╔══
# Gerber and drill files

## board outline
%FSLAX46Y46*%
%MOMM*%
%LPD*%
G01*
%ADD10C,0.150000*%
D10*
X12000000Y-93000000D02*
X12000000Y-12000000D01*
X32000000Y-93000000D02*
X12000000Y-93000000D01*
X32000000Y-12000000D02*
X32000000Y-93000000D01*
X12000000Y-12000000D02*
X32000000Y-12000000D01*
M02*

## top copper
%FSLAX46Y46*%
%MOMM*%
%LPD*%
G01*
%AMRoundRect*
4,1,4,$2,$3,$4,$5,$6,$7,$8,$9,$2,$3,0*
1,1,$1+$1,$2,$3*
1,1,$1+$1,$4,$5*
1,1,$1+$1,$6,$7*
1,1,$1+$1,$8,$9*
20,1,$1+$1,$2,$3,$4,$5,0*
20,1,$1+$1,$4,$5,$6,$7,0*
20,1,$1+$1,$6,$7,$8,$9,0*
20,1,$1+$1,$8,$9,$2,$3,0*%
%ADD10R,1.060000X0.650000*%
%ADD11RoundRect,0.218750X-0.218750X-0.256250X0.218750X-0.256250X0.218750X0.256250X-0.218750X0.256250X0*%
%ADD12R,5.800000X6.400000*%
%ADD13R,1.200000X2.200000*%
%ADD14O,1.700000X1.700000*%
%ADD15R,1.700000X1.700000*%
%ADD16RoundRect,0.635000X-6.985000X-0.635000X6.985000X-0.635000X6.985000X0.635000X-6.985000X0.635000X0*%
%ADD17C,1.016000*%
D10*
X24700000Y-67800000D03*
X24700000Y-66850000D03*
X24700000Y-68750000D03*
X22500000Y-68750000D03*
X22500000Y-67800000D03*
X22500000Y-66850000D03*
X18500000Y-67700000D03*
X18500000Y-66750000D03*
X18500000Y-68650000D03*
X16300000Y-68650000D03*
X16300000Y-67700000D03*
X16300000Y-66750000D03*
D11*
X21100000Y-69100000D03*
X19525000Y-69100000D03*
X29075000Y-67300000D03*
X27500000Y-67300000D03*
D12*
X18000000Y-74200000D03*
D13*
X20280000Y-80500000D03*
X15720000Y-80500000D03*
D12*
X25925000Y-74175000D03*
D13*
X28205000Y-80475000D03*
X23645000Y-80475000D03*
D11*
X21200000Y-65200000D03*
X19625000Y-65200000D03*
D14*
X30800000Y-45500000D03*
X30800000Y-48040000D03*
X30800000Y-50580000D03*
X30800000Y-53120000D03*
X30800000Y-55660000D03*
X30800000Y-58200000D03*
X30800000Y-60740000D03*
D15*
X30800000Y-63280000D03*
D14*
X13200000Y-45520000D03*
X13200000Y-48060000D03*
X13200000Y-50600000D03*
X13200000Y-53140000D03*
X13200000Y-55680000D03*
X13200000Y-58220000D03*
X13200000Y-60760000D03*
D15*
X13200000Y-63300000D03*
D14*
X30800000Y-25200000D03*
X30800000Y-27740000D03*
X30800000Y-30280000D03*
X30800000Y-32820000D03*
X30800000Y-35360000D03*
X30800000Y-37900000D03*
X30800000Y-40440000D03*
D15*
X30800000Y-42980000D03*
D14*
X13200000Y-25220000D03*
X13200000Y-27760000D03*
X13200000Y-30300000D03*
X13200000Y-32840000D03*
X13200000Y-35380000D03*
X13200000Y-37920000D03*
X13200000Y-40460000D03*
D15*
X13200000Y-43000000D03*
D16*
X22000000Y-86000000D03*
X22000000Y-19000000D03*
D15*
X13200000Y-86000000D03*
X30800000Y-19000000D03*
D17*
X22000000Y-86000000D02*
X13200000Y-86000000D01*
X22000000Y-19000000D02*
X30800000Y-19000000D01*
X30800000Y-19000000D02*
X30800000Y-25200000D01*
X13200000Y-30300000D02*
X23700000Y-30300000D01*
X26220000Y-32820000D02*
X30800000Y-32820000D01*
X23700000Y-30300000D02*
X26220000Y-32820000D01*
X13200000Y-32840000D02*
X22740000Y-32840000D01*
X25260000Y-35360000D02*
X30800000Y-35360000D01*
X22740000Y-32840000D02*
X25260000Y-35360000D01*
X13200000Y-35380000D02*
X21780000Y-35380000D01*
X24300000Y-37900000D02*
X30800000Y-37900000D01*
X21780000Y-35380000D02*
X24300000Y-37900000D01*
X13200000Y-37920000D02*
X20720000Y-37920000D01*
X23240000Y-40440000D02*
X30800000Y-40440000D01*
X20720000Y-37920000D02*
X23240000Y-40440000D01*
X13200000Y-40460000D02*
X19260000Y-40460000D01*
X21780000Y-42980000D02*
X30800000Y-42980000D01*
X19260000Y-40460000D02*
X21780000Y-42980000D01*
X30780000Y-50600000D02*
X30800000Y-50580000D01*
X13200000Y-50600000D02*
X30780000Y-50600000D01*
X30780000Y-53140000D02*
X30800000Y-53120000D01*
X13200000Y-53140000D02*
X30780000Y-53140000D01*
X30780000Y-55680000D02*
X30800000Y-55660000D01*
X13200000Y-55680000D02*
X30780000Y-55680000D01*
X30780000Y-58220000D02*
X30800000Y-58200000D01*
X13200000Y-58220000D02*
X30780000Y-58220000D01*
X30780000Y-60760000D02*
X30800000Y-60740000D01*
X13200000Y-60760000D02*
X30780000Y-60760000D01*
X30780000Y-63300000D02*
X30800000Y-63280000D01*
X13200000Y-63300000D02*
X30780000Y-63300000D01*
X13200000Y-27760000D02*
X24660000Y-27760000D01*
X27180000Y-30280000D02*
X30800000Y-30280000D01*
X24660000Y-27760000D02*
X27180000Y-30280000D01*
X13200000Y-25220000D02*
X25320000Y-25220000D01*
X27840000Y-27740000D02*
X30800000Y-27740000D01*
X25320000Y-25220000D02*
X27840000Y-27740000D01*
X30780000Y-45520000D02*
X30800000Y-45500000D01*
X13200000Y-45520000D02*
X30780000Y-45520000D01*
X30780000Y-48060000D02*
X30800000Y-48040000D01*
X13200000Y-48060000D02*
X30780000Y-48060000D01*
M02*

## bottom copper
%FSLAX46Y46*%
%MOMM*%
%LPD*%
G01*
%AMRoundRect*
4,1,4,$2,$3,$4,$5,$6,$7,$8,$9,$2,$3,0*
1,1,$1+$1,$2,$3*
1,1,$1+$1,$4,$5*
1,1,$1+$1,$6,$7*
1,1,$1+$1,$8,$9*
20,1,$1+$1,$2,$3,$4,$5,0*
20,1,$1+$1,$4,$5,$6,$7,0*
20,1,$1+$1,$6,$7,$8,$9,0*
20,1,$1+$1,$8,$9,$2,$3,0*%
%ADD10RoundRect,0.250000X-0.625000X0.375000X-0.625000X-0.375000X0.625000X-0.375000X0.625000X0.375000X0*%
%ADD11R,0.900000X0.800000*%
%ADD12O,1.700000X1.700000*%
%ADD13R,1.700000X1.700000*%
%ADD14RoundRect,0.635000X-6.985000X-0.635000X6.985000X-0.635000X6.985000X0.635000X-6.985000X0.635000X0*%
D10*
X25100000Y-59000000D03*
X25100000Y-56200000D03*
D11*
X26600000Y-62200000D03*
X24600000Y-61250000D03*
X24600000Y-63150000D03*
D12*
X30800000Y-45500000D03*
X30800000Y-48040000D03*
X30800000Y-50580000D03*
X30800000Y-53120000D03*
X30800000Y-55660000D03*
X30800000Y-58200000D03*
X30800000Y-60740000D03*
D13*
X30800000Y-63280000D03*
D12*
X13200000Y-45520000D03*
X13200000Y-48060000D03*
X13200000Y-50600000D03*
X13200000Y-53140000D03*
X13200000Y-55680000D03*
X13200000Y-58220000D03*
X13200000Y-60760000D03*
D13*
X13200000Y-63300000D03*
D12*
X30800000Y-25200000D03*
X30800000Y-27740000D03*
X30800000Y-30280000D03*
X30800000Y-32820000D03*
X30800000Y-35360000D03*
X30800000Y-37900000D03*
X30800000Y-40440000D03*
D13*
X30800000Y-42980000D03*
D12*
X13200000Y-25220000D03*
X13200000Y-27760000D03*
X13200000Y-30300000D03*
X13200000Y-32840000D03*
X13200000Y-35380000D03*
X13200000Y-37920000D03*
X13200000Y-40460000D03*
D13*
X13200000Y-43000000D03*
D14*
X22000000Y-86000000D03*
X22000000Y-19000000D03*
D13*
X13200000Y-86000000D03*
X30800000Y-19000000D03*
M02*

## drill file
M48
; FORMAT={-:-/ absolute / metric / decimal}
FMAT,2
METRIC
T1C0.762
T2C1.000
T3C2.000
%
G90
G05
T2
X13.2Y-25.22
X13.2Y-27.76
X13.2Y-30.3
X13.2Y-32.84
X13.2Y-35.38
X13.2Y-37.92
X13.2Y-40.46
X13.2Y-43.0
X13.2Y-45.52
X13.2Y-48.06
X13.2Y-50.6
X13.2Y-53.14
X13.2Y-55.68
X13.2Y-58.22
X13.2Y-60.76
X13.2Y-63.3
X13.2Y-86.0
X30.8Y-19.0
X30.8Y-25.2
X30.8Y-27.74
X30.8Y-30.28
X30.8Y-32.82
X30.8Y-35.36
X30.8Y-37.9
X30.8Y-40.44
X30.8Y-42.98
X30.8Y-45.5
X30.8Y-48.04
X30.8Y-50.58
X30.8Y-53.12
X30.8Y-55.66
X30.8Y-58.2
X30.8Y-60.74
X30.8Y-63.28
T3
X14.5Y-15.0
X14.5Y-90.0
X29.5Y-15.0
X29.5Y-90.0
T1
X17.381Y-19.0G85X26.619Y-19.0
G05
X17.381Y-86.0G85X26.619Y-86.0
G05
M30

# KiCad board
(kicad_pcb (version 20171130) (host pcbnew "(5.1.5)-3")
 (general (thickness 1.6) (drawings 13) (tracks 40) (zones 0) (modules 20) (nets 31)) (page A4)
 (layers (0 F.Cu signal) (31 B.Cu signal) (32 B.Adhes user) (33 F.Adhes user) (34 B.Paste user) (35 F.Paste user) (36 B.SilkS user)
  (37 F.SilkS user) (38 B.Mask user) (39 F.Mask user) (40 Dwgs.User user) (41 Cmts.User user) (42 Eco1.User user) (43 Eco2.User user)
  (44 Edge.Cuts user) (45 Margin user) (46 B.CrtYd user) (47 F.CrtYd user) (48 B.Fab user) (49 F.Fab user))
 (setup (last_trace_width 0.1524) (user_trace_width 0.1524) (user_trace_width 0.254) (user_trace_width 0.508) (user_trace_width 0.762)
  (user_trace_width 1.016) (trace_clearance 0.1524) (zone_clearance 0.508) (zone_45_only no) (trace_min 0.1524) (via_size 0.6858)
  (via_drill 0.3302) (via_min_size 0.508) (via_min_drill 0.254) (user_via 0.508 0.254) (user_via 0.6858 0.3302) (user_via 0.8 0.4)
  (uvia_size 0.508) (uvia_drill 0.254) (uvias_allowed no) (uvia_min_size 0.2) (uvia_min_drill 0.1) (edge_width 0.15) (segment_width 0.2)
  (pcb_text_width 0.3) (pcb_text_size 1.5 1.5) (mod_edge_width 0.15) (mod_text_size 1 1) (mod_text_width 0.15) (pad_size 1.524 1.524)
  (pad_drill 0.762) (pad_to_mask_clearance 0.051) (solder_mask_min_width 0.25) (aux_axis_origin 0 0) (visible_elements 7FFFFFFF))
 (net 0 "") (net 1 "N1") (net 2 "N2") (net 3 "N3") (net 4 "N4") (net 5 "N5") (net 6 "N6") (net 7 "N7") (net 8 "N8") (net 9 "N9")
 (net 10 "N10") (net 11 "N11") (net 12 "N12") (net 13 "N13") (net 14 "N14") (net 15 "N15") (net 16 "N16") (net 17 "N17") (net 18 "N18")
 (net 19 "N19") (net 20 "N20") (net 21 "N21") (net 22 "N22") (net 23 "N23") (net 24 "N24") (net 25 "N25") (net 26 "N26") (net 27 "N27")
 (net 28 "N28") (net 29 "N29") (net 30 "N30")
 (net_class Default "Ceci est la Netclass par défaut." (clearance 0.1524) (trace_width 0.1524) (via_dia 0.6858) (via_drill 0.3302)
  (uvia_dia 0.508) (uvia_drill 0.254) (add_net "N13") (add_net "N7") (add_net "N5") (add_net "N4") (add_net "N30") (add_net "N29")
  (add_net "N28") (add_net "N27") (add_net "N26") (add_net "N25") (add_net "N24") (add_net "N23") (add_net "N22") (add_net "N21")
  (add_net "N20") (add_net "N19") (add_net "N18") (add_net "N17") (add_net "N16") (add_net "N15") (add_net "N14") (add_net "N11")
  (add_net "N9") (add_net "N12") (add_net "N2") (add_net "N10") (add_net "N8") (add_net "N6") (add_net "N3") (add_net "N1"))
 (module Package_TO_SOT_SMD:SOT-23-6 (layer F.Cu) (at 23.6 67.8)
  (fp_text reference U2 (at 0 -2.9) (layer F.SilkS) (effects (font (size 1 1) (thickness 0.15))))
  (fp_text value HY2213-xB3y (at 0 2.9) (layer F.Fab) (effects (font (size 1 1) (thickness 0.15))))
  (pad 5 smd rect (at 1.1 0) (size 1.06 0.65) (layers F.Cu F.Paste F.Mask) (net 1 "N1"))
  (pad 6 smd rect (at 1.1 -0.95) (size 1.06 0.65) (layers F.Cu F.Paste F.Mask) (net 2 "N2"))
  (pad 4 smd rect (at 1.1 0.95) (size 1.06 0.65) (layers F.Cu F.Paste F.Mask) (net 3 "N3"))
  (pad 3 smd rect (at -1.1 0.95) (size 1.06 0.65) (layers F.Cu F.Paste F.Mask) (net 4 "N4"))
  (pad 2 smd rect (at -1.1 0) (size 1.06 0.65) (layers F.Cu F.Paste F.Mask) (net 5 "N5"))
  (pad 1 smd rect (at -1.1 -0.95) (size 1.06 0.65) (layers F.Cu F.Paste F.Mask) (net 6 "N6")))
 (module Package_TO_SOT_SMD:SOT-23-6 (layer F.Cu) (at 17.4 67.7)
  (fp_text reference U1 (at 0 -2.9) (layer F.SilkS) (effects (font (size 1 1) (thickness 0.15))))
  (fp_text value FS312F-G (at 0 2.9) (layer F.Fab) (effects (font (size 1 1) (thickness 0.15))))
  (pad 5 smd rect (at 1.1 0) (size 1.06 0.65) (layers F.Cu F.Paste F.Mask) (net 5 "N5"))
  (pad 6 smd rect (at 1.1 -0.95) (size 1.06 0.65) (layers F.Cu F.Paste F.Mask) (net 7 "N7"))
  (pad 4 smd rect (at 1.1 0.95) (size 1.06 0.65) (layers F.Cu F.Paste F.Mask) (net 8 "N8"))
  (pad 3 smd rect (at -1.1 0.95) (size 1.06 0.65) (layers F.Cu F.Paste F.Mask) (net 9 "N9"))
  (pad 2 smd rect (at -1.1 0) (size 1.06 0.65) (layers F.Cu F.Paste F.Mask) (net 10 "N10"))
  (pad 1 smd rect (at -1.1 -0.95) (size 1.06 0.65) (layers F.Cu F.Paste F.Mask) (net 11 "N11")))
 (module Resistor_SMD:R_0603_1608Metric (layer F.Cu) (at 20.3125 69.1)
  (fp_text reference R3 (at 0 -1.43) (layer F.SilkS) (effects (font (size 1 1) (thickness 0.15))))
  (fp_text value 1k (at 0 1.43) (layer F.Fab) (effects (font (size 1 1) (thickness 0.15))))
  (pad 2 smd roundrect (at 0.7875 0) (size 0.875 0.95) (layers F.Cu F.Paste F.Mask) (roundrect_rratio 0.25) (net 10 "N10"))
  (pad 1 smd roundrect (at -0.7875 0) (size 0.875 0.95) (layers F.Cu F.Paste F.Mask) (roundrect_rratio 0.25) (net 4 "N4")))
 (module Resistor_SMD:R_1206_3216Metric (layer B.Cu) (at 25.1 57.6 270)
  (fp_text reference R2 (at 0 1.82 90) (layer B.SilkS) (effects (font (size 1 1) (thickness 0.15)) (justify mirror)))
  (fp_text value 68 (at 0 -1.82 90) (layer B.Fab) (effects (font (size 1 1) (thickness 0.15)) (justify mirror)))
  (pad 2 smd roundrect (at 1.4 0 270) (size 1.25 1.75) (layers B.Cu B.Paste B.Mask) (roundrect_rratio 0.2) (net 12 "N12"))
  (pad 1 smd roundrect (at -1.4 0 270) (size 1.25 1.75) (layers B.Cu B.Paste B.Mask) (roundrect_rratio 0.2) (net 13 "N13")))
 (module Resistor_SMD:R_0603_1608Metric (layer F.Cu) (at 28.2875 67.3)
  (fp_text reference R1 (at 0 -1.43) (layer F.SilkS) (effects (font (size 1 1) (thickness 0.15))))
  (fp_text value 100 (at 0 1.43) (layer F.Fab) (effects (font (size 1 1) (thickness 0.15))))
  (pad 2 smd roundrect (at 0.7875 0) (size 0.875 0.95) (layers F.Cu F.Paste F.Mask) (roundrect_rratio 0.25) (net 13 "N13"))
  (pad 1 smd roundrect (at -0.7875 0) (size 0.875 0.95) (layers F.Cu F.Paste F.Mask) (roundrect_rratio 0.25) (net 5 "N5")))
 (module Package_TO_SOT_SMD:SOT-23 (layer B.Cu) (at 25.6 62.2)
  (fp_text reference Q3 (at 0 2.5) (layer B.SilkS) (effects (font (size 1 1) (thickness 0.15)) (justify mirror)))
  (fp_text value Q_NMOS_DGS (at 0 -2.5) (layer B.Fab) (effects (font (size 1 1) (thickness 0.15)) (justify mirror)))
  (pad 3 smd rect (at 1 0) (size 0.9 0.8) (layers B.Cu B.Paste B.Mask) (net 4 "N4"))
╚══
#### [PROBLEM TO WORK ON]
If a line in the listing has "reference" in it, report that line.

#### [OUTPUT OF THE TASK]
  (fp_text reference U2 (at 0 -2.9) (layer F.SilkS) (effects (font (size 1 1) (thickness 0.15))))
  (fp_text reference U1 (at 0 -2.9) (layer F.SilkS) (effects (font (size 1 1) (thickness 0.15))))
  (fp_text reference R3 (at 0 -1.43) (layer F.SilkS) (effects (font (size 1 1) (thickness 0.15))))
  (fp_text reference R2 (at 0 1.82 90) (layer B.SilkS) (effects (font (size 1 1) (thickness 0.15)) (justify mirror)))
  (fp_text reference R1 (at 0 -1.43) (layer F.SilkS) (effects (font (size 1 1) (thickness 0.15))))
  (fp_text reference Q3 (at 0 2.5) (layer B.SilkS) (effects (font (size 1 1) (thickness 0.15)) (justify mirror)))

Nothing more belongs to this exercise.